Assigned task –
Across the entries below, count the lines that contain the word "CrtYd" and reply with that number only.

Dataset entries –
Content starts
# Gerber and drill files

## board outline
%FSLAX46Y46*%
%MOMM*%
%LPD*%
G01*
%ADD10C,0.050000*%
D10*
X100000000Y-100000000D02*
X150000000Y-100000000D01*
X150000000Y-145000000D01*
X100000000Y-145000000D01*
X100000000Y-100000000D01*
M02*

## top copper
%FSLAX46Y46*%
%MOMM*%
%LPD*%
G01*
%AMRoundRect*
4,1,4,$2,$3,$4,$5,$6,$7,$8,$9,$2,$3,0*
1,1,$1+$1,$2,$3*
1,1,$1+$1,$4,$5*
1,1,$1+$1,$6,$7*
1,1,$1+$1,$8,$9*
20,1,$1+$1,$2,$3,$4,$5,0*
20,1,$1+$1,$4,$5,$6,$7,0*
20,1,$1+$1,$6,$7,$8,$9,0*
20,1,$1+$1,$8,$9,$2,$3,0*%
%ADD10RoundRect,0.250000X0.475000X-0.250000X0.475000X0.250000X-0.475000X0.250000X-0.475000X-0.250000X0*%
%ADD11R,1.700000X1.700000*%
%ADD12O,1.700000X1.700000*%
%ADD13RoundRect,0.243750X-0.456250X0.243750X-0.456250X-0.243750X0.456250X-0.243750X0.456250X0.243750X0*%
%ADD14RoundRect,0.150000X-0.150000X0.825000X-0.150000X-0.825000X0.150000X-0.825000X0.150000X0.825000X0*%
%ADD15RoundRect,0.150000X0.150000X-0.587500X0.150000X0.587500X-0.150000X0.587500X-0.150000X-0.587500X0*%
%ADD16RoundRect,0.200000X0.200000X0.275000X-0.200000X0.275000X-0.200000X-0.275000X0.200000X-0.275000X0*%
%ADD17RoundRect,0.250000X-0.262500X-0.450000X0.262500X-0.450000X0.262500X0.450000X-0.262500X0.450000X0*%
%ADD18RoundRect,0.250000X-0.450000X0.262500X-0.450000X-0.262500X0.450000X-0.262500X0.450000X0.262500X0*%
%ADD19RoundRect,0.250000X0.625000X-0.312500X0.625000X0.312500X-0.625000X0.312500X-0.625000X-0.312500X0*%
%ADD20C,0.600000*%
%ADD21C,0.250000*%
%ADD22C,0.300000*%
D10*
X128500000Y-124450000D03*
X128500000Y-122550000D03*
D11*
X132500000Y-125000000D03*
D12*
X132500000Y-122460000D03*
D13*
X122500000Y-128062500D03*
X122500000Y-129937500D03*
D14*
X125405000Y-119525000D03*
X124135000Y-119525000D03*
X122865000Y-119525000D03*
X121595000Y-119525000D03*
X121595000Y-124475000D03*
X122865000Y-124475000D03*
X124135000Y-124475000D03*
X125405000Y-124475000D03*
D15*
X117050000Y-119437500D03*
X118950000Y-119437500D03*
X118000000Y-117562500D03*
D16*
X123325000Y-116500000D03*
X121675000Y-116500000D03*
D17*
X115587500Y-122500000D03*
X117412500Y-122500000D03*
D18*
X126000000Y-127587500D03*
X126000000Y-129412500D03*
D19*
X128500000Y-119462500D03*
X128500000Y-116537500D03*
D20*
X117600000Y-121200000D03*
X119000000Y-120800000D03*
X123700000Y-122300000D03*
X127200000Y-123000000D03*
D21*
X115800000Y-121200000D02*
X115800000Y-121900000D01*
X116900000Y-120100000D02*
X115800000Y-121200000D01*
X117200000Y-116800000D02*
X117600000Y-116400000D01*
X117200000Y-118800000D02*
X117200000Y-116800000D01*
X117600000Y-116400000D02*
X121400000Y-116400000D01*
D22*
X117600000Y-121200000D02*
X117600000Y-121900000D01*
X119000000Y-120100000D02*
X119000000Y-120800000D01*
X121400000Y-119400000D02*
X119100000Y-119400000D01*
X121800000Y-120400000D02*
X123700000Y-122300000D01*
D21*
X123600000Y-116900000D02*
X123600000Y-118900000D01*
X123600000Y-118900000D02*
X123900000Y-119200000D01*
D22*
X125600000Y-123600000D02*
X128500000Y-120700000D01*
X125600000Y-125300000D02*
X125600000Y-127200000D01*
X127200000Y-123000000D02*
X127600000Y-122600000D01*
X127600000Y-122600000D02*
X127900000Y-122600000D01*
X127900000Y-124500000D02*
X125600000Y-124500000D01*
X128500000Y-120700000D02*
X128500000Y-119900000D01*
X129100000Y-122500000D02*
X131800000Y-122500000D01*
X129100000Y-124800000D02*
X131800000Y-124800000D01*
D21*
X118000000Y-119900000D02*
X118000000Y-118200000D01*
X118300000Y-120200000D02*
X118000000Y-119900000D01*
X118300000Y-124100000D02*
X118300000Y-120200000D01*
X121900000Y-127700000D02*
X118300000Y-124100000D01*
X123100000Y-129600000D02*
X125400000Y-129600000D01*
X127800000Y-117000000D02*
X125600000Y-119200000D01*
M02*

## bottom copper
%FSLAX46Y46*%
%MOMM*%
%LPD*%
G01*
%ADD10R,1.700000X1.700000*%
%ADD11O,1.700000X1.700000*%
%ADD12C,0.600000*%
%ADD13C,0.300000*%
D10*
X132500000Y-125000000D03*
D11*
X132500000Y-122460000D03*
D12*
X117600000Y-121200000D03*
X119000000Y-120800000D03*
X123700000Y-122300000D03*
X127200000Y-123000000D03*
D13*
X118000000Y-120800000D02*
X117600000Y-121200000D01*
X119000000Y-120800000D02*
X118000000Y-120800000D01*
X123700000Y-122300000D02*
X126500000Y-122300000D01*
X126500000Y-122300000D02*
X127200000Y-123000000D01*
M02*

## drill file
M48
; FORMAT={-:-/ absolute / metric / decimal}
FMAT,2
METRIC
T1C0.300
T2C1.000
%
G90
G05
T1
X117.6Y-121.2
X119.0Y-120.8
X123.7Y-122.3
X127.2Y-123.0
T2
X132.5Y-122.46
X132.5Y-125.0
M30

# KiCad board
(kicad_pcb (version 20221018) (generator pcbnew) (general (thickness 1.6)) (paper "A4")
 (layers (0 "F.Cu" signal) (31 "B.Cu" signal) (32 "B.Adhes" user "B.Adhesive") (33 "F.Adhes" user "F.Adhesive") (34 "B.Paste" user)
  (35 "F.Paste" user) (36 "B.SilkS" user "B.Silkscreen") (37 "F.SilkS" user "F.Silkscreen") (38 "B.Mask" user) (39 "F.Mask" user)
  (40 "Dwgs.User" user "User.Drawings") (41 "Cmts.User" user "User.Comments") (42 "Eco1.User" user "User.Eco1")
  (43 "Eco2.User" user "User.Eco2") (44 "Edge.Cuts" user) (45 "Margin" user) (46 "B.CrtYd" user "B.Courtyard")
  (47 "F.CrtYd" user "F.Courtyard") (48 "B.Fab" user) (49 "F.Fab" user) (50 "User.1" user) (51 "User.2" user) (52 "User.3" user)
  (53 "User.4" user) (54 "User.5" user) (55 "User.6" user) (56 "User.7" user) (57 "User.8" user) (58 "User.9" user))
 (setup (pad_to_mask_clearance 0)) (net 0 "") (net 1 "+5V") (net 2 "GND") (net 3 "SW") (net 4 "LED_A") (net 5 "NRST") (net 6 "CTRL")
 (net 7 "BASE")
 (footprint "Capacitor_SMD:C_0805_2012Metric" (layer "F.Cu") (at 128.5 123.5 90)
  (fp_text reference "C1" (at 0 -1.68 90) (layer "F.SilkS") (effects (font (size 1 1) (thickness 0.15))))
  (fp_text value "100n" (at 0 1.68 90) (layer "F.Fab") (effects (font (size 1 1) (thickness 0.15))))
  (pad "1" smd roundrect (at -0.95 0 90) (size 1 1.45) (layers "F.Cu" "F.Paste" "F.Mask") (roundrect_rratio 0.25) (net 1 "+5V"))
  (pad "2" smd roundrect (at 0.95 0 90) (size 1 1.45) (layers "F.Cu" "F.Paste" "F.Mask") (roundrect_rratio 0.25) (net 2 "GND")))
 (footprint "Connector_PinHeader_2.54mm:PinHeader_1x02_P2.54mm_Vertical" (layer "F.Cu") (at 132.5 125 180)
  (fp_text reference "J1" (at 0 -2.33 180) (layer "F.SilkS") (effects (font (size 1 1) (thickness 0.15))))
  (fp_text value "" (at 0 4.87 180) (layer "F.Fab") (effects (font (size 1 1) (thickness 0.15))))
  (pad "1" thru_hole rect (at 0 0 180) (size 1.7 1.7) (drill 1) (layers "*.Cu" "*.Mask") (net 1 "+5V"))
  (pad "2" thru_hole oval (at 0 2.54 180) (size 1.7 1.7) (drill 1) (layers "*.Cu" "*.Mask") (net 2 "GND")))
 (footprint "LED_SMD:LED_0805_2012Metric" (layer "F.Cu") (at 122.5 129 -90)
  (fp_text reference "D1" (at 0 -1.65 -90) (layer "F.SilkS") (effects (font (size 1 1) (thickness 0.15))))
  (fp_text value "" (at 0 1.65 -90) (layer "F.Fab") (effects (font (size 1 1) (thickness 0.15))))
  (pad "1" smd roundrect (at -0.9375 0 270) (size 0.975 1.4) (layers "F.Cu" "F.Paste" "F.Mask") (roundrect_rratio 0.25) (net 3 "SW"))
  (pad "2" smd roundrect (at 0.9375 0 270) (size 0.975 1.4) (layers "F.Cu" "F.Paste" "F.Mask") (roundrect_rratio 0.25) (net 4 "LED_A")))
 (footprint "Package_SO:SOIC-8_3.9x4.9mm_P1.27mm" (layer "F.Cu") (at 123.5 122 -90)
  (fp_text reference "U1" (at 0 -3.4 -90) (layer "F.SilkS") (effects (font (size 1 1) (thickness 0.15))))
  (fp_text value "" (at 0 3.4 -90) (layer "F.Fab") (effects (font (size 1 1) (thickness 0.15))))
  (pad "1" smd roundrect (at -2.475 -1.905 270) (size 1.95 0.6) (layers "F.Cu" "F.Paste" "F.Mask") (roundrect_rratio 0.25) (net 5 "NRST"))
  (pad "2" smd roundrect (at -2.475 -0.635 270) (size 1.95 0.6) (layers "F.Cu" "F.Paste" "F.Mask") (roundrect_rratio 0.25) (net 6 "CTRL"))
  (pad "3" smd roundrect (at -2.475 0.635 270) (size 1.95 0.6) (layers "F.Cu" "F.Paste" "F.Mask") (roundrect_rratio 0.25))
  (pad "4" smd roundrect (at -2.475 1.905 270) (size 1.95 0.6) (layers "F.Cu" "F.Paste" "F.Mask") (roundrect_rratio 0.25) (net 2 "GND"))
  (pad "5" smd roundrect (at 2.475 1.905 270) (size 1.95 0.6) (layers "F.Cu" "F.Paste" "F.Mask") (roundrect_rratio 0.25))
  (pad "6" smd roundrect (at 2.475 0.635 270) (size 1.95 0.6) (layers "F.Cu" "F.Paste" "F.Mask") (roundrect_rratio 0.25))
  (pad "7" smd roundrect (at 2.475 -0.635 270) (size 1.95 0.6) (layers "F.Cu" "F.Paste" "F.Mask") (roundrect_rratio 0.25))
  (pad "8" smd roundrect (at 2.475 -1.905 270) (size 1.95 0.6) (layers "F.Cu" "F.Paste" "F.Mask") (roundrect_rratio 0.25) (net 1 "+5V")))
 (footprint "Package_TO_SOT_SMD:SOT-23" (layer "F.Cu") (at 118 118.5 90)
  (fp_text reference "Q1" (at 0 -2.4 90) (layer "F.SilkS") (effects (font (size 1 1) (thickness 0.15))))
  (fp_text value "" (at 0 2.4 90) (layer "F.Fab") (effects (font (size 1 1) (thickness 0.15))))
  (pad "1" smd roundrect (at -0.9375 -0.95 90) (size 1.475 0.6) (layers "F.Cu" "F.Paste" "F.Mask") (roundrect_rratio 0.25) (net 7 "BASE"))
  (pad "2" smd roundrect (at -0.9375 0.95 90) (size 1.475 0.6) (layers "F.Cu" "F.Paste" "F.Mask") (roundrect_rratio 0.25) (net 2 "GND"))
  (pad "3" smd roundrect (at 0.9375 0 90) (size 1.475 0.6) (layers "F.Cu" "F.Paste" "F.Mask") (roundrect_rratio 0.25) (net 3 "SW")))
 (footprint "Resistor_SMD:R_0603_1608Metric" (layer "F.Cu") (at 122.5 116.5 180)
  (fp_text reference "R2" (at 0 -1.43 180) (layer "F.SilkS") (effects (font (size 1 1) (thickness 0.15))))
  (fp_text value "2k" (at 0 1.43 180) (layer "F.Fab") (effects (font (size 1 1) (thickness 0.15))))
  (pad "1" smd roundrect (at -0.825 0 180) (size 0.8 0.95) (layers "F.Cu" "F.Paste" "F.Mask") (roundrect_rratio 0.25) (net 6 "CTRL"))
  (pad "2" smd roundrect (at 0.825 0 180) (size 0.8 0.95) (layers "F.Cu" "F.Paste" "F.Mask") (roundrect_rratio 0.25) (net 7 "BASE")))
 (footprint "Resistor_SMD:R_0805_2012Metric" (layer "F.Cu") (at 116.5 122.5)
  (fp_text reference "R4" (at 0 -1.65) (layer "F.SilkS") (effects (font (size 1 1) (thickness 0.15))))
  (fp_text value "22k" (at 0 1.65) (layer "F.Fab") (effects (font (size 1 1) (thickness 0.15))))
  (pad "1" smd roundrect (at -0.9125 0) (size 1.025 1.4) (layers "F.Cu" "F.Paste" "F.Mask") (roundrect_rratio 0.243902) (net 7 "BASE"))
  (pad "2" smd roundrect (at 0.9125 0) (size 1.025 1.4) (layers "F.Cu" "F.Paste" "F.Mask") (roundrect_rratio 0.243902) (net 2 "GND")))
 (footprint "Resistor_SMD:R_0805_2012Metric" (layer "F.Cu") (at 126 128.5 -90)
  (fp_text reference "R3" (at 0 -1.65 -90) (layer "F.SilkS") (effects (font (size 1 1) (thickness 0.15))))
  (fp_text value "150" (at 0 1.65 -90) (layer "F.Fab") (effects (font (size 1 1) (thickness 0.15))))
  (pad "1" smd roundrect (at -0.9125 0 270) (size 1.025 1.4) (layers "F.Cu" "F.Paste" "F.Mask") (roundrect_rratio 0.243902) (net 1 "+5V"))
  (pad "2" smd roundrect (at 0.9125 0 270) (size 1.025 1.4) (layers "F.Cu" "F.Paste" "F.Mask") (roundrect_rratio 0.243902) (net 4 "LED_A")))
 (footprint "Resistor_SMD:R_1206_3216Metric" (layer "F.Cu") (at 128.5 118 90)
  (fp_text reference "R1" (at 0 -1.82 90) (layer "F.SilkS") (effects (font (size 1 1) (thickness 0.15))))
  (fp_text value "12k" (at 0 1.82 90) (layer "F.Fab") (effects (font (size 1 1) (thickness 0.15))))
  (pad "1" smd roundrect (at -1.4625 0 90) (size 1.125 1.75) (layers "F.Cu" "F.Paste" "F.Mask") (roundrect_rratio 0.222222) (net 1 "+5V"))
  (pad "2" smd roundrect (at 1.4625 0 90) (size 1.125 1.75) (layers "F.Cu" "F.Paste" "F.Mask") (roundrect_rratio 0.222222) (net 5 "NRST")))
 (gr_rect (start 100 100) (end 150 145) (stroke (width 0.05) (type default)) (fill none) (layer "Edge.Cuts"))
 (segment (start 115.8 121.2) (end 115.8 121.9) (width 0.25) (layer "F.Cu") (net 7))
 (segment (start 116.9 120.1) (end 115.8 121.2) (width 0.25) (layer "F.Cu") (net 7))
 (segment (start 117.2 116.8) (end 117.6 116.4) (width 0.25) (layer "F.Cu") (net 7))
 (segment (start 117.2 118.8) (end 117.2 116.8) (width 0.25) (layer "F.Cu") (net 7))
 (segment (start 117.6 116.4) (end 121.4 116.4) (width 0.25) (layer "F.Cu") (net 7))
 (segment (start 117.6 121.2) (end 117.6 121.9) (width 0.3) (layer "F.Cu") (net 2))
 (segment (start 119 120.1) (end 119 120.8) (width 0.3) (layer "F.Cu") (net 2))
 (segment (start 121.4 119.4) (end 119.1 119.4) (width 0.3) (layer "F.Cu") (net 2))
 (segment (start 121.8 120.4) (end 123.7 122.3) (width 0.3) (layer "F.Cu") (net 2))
Content ends
Task result –
2